# PROBLEM:
The lines below that include "Cuts" are to be found and copied.

[[ SOURCE MATERIAL, beginning ]]

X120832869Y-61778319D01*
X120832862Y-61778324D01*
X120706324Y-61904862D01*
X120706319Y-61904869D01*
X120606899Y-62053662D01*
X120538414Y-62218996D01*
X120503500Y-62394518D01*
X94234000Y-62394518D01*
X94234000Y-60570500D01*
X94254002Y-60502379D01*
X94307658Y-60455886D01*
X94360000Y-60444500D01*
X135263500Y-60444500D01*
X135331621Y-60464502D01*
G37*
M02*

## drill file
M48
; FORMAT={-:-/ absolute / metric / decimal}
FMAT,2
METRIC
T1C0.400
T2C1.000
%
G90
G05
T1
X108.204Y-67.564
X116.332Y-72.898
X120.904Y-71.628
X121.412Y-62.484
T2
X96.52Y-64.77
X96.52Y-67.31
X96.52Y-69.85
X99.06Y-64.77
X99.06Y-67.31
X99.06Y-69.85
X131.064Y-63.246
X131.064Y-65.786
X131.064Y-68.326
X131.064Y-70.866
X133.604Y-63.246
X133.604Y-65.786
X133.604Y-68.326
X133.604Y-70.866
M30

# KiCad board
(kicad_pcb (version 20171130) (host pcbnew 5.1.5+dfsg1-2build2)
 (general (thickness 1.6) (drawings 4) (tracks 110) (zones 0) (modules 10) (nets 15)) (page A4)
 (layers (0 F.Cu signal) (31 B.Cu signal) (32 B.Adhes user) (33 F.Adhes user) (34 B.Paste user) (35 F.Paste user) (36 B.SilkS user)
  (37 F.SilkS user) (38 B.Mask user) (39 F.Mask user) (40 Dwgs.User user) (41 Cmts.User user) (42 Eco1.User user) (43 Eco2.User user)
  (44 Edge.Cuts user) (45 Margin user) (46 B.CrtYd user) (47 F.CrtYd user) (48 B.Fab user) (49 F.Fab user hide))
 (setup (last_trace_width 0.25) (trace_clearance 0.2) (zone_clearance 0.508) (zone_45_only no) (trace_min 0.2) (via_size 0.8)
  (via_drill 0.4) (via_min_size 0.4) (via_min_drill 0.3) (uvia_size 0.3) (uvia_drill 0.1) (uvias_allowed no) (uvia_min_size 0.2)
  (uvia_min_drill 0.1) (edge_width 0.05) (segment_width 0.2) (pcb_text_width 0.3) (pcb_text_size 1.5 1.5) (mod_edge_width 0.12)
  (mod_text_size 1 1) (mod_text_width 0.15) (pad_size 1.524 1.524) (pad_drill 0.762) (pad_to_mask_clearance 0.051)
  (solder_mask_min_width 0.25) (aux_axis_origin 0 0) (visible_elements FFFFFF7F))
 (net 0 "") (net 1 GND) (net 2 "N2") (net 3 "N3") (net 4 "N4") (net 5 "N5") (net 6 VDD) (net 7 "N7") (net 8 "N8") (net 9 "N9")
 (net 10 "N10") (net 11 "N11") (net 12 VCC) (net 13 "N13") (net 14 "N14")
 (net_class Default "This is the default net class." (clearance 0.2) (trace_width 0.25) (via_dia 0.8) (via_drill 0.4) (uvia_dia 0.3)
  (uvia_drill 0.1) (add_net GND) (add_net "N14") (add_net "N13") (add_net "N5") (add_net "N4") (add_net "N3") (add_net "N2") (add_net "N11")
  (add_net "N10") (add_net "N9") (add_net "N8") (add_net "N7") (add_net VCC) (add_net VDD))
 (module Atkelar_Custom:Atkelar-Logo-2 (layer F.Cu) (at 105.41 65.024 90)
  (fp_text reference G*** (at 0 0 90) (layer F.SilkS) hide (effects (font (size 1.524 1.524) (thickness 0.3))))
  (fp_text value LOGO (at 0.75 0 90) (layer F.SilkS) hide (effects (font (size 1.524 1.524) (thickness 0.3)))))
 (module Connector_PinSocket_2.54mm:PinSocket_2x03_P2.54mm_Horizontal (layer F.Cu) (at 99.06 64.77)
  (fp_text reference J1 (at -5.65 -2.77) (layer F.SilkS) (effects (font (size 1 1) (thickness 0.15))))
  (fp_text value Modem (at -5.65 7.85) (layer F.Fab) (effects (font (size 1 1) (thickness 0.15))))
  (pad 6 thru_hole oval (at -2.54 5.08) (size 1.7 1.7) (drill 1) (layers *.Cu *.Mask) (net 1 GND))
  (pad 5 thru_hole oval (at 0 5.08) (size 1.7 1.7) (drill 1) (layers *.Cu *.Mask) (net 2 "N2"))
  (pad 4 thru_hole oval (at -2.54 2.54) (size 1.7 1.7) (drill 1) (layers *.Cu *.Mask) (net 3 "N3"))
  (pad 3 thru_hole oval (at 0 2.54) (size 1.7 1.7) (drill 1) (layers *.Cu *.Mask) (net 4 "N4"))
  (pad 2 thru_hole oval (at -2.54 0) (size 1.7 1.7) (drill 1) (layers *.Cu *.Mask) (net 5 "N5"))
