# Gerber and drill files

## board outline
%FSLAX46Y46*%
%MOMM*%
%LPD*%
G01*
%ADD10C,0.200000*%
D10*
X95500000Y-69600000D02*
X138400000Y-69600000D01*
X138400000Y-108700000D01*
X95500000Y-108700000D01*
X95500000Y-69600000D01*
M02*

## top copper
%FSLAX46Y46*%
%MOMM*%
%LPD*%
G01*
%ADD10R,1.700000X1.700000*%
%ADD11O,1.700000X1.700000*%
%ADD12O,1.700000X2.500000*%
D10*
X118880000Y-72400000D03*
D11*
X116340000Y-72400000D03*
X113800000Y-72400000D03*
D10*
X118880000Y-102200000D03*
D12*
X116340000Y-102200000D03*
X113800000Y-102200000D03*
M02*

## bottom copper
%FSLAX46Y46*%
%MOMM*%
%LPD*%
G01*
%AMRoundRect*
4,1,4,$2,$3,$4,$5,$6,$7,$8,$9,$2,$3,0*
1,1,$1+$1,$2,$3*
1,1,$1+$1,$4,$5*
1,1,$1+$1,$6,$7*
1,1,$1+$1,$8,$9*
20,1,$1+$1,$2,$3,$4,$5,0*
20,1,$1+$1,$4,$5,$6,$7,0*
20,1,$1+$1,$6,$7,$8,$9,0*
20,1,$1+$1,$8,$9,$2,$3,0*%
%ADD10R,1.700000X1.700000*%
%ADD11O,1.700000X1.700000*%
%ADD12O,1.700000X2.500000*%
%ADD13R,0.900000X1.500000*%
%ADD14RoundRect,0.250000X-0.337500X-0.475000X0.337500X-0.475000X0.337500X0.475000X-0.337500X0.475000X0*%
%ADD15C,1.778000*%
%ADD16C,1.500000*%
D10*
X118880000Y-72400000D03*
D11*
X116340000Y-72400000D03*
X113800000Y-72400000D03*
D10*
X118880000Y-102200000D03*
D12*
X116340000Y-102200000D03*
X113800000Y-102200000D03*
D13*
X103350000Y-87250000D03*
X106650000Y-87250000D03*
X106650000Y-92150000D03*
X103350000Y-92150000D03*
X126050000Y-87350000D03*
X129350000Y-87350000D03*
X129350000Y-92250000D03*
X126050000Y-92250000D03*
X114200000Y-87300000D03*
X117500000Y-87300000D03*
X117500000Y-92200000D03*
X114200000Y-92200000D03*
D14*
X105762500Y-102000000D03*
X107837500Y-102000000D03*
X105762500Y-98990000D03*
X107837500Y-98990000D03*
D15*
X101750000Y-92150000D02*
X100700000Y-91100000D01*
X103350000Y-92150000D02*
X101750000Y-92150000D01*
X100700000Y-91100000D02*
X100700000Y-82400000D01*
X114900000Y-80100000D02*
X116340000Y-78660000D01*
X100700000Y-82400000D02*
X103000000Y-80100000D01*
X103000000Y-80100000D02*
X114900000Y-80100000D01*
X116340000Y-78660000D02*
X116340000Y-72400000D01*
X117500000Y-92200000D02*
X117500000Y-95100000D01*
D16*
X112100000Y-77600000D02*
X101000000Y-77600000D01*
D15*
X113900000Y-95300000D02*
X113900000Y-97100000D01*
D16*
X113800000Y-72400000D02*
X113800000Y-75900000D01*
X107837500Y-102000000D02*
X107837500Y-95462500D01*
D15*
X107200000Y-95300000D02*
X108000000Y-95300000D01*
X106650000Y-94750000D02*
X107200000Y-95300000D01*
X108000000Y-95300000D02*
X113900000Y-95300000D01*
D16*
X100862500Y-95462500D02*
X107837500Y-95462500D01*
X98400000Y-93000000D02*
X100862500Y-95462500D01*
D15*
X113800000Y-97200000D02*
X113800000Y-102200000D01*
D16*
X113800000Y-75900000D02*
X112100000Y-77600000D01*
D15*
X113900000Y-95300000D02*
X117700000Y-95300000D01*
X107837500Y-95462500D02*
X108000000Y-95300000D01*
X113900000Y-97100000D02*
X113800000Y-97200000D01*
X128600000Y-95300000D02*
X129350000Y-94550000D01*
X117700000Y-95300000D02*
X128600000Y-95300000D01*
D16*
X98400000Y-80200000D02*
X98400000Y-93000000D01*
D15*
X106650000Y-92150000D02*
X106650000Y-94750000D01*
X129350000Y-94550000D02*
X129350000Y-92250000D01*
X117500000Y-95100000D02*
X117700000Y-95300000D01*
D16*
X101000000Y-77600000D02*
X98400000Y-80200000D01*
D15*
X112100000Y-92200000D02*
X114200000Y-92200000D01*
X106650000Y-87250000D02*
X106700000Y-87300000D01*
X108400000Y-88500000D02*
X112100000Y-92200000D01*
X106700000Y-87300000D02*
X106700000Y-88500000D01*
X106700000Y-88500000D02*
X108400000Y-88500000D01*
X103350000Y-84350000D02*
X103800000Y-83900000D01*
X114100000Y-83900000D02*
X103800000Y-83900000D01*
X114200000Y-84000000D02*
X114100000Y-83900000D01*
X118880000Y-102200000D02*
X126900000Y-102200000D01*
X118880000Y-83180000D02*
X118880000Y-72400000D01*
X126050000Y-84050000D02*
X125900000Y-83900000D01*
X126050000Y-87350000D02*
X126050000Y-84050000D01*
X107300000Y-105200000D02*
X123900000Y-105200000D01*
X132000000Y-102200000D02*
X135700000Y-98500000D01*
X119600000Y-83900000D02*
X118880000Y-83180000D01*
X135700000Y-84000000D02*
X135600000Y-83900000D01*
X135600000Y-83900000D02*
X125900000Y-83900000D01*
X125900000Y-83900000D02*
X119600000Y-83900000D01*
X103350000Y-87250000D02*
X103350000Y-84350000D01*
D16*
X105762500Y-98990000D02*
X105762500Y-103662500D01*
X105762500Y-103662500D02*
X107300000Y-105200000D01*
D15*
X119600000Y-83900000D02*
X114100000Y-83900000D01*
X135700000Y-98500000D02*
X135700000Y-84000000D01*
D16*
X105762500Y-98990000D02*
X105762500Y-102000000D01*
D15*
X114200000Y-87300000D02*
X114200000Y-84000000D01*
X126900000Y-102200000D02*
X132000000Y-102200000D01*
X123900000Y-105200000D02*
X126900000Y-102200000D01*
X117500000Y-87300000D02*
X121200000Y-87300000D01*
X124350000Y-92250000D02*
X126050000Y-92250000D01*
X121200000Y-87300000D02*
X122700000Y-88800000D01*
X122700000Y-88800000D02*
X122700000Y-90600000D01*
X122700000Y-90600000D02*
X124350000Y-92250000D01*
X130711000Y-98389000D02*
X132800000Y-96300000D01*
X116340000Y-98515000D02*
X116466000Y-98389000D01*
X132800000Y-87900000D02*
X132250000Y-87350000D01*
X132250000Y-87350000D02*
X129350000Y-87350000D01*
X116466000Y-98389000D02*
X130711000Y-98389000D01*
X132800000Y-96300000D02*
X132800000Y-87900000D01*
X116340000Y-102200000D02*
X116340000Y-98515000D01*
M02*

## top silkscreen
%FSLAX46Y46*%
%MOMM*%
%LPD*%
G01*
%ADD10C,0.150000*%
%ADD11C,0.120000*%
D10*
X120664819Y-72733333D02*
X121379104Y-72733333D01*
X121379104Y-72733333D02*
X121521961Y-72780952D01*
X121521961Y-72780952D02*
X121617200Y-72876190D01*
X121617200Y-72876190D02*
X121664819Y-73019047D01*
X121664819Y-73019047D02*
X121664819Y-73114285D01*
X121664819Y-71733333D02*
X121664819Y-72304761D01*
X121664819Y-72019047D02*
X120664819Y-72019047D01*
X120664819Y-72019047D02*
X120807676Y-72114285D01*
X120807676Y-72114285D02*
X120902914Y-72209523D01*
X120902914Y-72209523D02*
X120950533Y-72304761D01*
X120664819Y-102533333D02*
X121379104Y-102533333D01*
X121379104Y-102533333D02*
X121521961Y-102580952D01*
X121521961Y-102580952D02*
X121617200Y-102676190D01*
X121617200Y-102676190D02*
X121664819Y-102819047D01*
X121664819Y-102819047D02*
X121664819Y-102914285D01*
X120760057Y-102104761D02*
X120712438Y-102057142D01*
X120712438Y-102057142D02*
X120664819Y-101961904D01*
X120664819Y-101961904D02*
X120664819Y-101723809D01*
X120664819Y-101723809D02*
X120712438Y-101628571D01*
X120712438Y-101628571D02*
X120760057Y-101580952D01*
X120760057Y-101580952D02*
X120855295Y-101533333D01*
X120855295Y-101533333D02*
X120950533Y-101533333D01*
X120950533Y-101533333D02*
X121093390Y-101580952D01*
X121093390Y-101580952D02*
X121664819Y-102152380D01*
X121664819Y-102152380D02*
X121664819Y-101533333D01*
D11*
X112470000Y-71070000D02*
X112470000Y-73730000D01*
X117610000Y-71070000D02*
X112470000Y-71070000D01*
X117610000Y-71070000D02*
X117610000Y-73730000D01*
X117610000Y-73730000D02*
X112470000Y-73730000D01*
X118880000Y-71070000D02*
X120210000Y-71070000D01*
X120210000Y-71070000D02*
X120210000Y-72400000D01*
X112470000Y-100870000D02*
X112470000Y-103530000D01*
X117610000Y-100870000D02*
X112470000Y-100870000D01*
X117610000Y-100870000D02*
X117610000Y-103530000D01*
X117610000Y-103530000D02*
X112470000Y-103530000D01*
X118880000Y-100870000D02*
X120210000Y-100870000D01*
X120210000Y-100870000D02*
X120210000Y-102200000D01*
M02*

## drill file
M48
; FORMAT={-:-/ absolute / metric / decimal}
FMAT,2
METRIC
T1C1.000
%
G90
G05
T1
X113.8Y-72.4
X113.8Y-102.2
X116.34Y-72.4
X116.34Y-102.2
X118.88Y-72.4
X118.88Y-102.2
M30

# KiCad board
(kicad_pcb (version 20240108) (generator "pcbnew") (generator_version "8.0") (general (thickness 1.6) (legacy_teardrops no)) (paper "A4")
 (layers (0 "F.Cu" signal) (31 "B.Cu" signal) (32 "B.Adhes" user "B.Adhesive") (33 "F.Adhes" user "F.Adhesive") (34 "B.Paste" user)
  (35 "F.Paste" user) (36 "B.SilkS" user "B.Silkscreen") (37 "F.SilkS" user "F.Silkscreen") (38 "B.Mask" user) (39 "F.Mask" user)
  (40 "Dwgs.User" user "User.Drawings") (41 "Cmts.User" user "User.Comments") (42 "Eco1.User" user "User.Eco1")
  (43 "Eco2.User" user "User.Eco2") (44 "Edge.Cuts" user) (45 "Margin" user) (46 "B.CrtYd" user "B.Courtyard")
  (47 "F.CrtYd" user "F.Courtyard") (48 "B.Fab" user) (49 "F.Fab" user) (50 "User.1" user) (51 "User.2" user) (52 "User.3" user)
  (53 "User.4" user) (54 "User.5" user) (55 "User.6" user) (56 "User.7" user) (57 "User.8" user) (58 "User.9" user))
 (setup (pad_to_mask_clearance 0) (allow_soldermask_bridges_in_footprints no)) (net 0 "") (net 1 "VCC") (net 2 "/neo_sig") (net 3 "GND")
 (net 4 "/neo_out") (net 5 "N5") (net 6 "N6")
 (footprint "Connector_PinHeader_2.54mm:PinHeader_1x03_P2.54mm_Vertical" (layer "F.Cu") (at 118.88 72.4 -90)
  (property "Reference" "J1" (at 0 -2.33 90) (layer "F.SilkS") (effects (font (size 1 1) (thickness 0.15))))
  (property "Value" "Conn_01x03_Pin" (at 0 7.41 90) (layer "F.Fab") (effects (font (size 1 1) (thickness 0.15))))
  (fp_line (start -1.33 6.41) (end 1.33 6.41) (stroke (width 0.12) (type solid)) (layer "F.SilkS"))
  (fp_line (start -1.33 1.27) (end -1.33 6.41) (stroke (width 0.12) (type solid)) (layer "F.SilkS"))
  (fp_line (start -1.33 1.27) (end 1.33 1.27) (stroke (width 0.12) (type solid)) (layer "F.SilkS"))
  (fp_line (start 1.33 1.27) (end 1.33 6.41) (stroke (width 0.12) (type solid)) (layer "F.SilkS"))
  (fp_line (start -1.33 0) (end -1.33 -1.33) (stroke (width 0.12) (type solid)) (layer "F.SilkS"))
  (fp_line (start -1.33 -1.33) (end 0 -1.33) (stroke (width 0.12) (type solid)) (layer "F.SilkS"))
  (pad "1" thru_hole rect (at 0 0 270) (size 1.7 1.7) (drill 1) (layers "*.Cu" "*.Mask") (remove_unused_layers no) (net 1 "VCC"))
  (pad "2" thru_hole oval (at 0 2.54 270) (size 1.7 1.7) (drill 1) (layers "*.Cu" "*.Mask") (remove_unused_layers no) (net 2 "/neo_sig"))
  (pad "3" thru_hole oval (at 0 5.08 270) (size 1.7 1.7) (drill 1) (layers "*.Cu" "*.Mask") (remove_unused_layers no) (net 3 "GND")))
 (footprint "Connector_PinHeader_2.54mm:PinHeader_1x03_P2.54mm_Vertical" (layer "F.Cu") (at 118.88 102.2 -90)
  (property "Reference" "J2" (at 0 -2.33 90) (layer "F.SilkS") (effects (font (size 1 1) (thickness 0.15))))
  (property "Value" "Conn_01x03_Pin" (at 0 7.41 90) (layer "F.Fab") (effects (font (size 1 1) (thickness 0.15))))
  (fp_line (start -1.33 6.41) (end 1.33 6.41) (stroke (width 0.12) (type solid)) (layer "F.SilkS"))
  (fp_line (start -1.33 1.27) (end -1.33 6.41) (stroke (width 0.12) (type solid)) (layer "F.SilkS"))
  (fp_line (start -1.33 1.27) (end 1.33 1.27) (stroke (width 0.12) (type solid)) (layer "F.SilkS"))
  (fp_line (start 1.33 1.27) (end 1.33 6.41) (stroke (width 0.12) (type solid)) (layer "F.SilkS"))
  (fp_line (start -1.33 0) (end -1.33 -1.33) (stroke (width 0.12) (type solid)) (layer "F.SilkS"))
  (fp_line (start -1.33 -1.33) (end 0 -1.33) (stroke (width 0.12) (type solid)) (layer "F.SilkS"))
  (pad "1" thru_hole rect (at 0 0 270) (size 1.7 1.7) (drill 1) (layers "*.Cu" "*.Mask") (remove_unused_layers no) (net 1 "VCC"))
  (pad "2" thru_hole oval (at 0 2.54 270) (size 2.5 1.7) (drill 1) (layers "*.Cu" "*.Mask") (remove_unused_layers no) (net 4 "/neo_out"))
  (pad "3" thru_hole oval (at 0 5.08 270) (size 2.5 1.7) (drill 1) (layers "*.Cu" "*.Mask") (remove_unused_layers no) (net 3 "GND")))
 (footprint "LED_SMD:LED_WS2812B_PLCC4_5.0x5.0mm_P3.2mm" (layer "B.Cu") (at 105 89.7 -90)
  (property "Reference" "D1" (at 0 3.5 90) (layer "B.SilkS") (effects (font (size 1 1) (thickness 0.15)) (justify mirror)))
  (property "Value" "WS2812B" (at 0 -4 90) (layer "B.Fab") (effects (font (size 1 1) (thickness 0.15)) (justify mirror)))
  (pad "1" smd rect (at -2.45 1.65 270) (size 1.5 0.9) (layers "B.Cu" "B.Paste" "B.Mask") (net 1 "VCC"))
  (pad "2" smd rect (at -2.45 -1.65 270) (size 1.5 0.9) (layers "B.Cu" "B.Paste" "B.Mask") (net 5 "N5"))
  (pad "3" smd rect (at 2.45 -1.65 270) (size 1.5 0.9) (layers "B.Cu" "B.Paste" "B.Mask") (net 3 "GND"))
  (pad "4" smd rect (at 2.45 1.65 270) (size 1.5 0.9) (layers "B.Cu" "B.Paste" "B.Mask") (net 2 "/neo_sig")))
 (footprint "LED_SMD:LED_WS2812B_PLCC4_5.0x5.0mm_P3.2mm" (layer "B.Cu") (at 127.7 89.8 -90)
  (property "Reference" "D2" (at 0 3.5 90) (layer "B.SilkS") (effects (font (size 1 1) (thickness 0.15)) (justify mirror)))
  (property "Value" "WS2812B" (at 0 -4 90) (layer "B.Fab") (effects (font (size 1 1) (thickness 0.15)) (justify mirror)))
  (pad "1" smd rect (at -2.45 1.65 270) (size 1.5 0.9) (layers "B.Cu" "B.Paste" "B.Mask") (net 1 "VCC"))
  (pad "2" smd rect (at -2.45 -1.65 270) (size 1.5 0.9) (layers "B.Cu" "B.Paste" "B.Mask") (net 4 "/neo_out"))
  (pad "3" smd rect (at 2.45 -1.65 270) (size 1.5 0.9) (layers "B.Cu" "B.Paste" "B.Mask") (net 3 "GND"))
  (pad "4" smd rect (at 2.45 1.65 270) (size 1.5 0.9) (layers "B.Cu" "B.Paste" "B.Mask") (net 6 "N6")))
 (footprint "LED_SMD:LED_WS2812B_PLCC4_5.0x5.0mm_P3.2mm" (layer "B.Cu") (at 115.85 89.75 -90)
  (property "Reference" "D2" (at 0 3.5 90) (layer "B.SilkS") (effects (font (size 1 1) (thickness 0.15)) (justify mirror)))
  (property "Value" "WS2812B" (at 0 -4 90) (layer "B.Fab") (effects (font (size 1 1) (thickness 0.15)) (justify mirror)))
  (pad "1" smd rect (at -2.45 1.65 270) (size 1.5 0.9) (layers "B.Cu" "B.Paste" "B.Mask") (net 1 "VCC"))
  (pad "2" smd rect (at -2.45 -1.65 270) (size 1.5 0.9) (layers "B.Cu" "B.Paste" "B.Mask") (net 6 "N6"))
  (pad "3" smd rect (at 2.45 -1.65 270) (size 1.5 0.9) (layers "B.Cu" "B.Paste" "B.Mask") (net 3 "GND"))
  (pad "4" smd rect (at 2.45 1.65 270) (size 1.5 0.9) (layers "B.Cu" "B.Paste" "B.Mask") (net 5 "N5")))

[[ SOURCE MATERIAL, end ]]

# ANSWER AREA:
  (44 Edge.Cuts user) (45 Margin user) (46 B.CrtYd user) (47 F.CrtYd user) (48 B.Fab user) (49 F.Fab user hide))
  (43 "Eco2.User" user "User.Eco2") (44 "Edge.Cuts" user) (45 "Margin" user) (46 "B.CrtYd" user "B.Courtyard")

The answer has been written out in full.